Kisah Aftab mengungkapkan kesulitan hidup dalam masyarakat yang ditandai oleh penjelasan esensialis tentang gender. Pemahaman anak-anak tentang diri mereka sendiri dimulai dengan kategorisasi yang berhubungan dengan jenis kelamin sebagai laki-laki atau perempuan. Juga telah ditemukan bahwa beberapa jenis perilaku tertentu terkait dengan jenis kelamin dan dianggap stabil. Para ahli teori feminis berpendapat bahwa pembedaan berdasarkan jenis kelamin seperti itu memperkuat ketidaksetaraan seksual. Variasi gender, menurut Fausto pada (FaustoSterling, 1993) adalah normal.
Studinya tentang bayi dengan alat kelamin yang tidak jelas yang diubah melalui pembedahan menunjukkan ketidakmungkinan untuk selalu mengkonfirmasi struktur gender biner. Ahli biologi seperti Fausto percaya bahwa ada lima jenis kelamin: laki-laki, perempuan, Hermes (hermaprodit atau orang yang memiliki ovarium dan testis), Mermes (hermaprodit laki-laki dengan testis dan ciri-ciri kelamin perempuan tertentu), dan Ferms (hermaprodit perempuan dengan ovarium bersamaan dengan ciri-ciri kelamin laki-laki tertentu).

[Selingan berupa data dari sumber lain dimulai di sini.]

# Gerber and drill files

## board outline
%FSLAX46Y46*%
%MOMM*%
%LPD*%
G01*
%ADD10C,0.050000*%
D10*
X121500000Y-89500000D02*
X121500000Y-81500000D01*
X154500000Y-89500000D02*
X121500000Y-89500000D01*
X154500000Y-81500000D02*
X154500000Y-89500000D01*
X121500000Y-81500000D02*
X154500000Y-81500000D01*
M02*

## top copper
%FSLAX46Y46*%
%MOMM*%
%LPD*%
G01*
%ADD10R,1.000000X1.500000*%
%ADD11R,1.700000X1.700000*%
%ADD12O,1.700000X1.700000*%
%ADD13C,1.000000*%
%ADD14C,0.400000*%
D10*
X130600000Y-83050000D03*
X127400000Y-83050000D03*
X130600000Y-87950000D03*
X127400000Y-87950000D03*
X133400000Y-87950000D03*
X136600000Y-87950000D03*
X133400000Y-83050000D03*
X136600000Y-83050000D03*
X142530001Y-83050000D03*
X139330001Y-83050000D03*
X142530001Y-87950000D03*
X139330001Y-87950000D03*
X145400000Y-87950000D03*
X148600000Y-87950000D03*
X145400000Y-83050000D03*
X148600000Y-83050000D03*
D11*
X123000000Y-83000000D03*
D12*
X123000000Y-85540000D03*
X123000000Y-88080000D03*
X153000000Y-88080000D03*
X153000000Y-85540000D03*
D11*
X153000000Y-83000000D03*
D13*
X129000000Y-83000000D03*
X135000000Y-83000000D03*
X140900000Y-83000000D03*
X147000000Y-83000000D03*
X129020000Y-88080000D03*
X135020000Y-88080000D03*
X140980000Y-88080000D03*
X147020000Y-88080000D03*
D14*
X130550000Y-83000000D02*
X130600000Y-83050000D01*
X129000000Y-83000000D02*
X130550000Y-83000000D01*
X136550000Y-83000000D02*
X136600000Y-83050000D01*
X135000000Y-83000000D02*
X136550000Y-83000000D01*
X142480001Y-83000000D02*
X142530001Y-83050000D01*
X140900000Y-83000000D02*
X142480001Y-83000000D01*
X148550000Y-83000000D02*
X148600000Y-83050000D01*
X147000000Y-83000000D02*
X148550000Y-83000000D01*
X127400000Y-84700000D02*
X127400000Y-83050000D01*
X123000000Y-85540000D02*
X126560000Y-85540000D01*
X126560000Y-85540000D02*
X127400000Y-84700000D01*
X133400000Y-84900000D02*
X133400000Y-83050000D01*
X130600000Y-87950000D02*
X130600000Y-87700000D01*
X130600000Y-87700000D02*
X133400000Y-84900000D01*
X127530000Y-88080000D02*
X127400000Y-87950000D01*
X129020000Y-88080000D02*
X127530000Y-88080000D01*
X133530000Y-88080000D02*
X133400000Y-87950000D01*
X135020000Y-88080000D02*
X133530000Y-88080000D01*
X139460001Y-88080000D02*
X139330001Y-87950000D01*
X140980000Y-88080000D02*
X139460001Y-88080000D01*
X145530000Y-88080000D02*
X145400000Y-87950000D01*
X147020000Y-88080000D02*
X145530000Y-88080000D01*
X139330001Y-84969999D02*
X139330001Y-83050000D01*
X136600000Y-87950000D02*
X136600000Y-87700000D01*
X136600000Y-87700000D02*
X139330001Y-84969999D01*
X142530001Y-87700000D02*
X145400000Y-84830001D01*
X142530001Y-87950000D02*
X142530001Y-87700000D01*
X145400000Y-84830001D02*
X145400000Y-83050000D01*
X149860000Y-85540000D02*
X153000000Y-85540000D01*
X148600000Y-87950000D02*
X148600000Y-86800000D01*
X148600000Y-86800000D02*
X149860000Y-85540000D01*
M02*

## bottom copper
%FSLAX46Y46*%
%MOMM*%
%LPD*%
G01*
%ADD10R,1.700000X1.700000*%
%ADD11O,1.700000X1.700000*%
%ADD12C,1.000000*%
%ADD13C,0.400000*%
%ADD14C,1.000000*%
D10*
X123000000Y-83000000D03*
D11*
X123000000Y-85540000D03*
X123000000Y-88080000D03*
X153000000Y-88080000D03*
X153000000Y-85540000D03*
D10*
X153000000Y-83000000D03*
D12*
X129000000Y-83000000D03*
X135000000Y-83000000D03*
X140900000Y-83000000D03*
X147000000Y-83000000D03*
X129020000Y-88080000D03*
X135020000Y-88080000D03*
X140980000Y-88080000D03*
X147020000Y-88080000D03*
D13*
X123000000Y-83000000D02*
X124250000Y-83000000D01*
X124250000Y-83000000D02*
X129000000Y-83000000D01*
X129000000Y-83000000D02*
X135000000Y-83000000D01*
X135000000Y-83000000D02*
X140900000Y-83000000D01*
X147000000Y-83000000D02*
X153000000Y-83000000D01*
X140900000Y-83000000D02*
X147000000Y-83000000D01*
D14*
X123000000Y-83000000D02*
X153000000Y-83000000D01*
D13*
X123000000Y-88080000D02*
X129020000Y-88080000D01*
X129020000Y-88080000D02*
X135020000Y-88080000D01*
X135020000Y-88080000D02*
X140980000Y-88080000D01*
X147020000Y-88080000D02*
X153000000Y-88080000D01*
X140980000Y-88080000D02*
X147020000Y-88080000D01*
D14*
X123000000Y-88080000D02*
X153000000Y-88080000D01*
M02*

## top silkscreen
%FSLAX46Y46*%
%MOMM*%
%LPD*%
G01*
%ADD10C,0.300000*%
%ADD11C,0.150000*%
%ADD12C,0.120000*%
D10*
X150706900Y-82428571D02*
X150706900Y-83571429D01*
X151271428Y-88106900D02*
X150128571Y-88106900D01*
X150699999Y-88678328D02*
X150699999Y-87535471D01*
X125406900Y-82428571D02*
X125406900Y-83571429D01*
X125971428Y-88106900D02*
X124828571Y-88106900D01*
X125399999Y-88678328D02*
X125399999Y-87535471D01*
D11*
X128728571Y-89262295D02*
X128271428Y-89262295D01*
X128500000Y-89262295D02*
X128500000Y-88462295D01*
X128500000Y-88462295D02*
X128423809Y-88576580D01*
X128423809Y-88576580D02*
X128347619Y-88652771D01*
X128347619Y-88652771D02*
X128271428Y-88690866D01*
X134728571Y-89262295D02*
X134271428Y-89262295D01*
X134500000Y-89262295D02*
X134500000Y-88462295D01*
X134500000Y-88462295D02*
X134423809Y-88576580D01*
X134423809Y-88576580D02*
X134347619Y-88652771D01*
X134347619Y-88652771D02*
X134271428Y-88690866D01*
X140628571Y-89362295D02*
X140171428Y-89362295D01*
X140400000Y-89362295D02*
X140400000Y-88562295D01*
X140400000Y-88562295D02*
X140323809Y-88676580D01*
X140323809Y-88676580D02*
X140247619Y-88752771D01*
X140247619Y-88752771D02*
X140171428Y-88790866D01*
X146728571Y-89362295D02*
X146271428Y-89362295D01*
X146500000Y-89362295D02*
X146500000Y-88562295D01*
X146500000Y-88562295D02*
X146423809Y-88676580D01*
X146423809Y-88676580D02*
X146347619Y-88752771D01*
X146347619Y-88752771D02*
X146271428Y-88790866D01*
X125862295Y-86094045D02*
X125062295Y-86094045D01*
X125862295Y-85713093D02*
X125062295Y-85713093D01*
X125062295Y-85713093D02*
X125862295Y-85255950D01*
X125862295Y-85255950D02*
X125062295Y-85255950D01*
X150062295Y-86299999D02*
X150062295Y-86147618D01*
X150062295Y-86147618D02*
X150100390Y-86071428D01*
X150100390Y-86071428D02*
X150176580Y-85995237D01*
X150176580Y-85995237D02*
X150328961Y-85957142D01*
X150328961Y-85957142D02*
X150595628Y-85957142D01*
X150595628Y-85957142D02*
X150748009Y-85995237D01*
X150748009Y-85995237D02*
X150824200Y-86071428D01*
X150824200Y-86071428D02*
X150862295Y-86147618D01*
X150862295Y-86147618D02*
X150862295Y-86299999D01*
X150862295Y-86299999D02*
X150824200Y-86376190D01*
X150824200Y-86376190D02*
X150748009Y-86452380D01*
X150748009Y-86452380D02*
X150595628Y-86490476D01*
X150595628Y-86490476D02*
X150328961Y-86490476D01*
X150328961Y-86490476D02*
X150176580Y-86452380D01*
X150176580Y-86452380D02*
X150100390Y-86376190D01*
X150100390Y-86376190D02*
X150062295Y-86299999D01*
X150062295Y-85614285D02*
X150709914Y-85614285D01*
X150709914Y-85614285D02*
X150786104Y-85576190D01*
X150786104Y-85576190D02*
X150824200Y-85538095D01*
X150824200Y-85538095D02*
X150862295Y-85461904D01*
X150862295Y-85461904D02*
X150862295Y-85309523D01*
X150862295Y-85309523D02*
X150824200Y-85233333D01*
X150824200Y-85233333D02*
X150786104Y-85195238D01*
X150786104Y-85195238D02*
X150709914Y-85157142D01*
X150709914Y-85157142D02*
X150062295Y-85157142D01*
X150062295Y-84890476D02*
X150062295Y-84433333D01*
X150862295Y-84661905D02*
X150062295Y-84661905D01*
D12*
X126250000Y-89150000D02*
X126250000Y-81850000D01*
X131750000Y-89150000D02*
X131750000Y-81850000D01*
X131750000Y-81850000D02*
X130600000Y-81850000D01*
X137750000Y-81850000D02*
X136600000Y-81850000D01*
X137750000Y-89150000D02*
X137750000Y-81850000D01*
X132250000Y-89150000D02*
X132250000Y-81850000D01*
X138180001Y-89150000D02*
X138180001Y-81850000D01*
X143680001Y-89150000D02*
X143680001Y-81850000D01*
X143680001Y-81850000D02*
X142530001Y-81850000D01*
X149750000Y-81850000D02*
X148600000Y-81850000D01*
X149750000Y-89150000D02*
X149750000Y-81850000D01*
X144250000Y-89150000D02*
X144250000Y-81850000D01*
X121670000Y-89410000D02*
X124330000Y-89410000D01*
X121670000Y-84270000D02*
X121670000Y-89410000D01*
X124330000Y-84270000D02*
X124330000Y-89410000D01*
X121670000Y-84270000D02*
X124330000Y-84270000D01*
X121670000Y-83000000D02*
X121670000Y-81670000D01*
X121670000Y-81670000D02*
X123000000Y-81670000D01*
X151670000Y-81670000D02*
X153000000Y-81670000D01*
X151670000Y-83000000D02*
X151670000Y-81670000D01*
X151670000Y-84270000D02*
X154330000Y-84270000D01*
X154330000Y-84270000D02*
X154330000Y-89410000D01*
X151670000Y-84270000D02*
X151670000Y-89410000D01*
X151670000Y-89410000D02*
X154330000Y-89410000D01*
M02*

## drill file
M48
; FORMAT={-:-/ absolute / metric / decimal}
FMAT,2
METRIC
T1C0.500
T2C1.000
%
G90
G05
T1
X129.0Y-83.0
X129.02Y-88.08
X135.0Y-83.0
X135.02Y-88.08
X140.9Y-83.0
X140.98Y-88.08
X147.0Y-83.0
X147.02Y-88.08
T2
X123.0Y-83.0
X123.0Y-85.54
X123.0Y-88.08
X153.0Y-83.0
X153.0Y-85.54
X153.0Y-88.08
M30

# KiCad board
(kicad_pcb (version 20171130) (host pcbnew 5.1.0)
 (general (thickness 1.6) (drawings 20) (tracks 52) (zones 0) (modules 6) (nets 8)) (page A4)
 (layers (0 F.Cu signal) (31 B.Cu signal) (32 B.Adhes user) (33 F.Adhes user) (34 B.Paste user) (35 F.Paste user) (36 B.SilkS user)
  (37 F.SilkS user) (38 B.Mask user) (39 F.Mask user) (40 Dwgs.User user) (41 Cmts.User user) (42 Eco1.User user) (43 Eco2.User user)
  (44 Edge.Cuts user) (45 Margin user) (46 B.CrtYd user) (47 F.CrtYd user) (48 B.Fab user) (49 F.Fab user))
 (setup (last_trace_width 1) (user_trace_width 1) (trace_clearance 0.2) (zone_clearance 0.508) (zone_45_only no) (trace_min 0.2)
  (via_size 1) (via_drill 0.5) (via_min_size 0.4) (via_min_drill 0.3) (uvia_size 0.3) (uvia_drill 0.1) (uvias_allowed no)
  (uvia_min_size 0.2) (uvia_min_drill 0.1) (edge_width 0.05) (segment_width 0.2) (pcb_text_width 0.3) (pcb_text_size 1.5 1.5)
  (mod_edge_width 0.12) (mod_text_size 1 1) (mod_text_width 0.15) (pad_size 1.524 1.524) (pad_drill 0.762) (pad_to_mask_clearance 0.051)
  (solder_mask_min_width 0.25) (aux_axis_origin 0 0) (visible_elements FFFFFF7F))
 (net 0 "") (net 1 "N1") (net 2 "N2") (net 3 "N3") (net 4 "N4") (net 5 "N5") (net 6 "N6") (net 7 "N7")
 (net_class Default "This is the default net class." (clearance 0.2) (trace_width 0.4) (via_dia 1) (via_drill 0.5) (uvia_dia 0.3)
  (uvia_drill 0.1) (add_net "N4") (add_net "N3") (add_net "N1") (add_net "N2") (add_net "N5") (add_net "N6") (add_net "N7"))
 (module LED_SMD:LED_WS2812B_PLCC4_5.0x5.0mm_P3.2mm (layer F.Cu) (at 129 85.5 90)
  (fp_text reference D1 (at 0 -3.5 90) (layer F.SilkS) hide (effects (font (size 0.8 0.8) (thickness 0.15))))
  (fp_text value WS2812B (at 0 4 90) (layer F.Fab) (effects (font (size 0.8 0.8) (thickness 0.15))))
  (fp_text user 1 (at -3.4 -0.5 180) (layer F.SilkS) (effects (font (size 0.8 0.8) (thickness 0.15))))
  (fp_line (start -3.65 -2.75) (end 3.65 -2.75) (layer F.SilkS) (width 0.12))
  (fp_line (start -3.65 2.75) (end 3.65 2.75) (layer F.SilkS) (width 0.12))
  (fp_line (start 3.65 2.75) (end 3.65 1.6) (layer F.SilkS) (width 0.12))
  (pad 3 smd rect (at 2.45 1.6 90) (size 1.5 1) (layers F.Cu F.Paste F.Mask) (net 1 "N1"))
  (pad 4 smd rect (at 2.45 -1.6 90) (size 1.5 1) (layers F.Cu F.Paste F.Mask) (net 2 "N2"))
  (pad 2 smd rect (at -2.45 1.6 90) (size 1.5 1) (layers F.Cu F.Paste F.Mask) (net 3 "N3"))
  (pad 1 smd rect (at -2.45 -1.6 90) (size 1.5 1) (layers F.Cu F.Paste F.Mask) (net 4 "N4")))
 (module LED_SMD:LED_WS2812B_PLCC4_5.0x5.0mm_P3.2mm (layer F.Cu) (at 135 85.5 90)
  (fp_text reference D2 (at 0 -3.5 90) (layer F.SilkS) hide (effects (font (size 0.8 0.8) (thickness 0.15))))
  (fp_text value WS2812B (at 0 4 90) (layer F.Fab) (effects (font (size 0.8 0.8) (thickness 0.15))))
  (fp_line (start 3.65 2.75) (end 3.65 1.6) (layer F.SilkS) (width 0.12))
  (fp_line (start -3.65 2.75) (end 3.65 2.75) (layer F.SilkS) (width 0.12))
  (fp_line (start -3.65 -2.75) (end 3.65 -2.75) (layer F.SilkS) (width 0.12))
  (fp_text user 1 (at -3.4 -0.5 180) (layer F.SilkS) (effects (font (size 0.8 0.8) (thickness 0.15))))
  (pad 1 smd rect (at -2.45 -1.6 90) (size 1.5 1) (layers F.Cu F.Paste F.Mask) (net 4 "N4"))
  (pad 2 smd rect (at -2.45 1.6 90) (size 1.5 1) (layers F.Cu F.Paste F.Mask) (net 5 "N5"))
  (pad 4 smd rect (at 2.45 -1.6 90) (size 1.5 1) (layers F.Cu F.Paste F.Mask) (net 3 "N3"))
  (pad 3 smd rect (at 2.45 1.6 90) (size 1.5 1) (layers F.Cu F.Paste F.Mask) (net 1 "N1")))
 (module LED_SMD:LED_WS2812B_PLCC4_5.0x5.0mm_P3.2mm (layer F.Cu) (at 140.930001 85.5 90)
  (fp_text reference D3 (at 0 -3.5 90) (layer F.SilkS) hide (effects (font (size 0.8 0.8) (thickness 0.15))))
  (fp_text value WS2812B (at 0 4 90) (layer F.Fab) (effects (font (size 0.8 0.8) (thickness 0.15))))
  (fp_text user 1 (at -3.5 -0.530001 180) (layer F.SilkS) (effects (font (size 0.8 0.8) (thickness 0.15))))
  (fp_line (start -3.65 -2.75) (end 3.65 -2.75) (layer F.SilkS) (width 0.12))
  (fp_line (start -3.65 2.75) (end 3.65 2.75) (layer F.SilkS) (width 0.12))
  (fp_line (start 3.65 2.75) (end 3.65 1.6) (layer F.SilkS) (width 0.12))
  (pad 3 smd rect (at 2.45 1.6 90) (size 1.5 1) (layers F.Cu F.Paste F.Mask) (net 1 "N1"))
  (pad 4 smd rect (at 2.45 -1.6 90) (size 1.5 1) (layers F.Cu F.Paste F.Mask) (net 5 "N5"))
  (pad 2 smd rect (at -2.45 1.6 90) (size 1.5 1) (layers F.Cu F.Paste F.Mask) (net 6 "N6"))
  (pad 1 smd rect (at -2.45 -1.6 90) (size 1.5 1) (layers F.Cu F.Paste F.Mask) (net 4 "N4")))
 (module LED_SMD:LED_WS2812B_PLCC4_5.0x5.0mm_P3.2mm (layer F.Cu) (at 147 85.5 90)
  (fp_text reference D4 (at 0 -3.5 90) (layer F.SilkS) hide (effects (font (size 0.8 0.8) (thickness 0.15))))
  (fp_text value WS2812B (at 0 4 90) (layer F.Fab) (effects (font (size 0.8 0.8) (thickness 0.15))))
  (fp_line (start 3.65 2.75) (end 3.65 1.6) (layer F.SilkS) (width 0.12))
  (fp_line (start -3.65 2.75) (end 3.65 2.75) (layer F.SilkS) (width 0.12))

Aftab, seorang perempuan yang terperangkap dalam tubuh laki-laki, merangkul kewanitaannya dan berharap untuk menemukan jati dirinya. Menurut Judith Butler, gender tidak ditentukan secara pasif, melainkan sebuah proses konstruksi diri (Butler, 2006). Tubuh dipandang sebagai lokus proses dialektis, di mana apa yang tercetak pada tubuh akan menerima serangkaian interpretasi historis yang baru. Transformasi Aftab menjadi Anjum digambarkan sebagai sebuah perjalanan ke dunia lain. Ia hidup dengan komunitas hermafrodit yang beragam, termasuk pria yang tidak percaya pada operasi, Hindu, dan Muslim.
Kontras antara dunia biasa, Duniya, dan dunia Hijras disajikan dengan cara yang halus. Anjum menemukan bahwa kaum Hijra adalah sekelompok orang terpilih yang diberkahi dengan kemampuan untuk mengutuk dan memberkati. Ironisnya, orang-orang terpilih yang telah dianugerahi kekuatan ini hidup dalam kehidupan pinggiran. Awalnya, Aftab memandang transformasi menjadi Anjum sebagai bentuk transendensi diri. Namun, Anjum sering merefleksikan penderitaan kaum Hijra, dan Kwabgah adalah rumah bagi orang-orang seperti dirinya. Ini adalah tempat yang telah membebaskan jiwa mereka dari tubuh mereka.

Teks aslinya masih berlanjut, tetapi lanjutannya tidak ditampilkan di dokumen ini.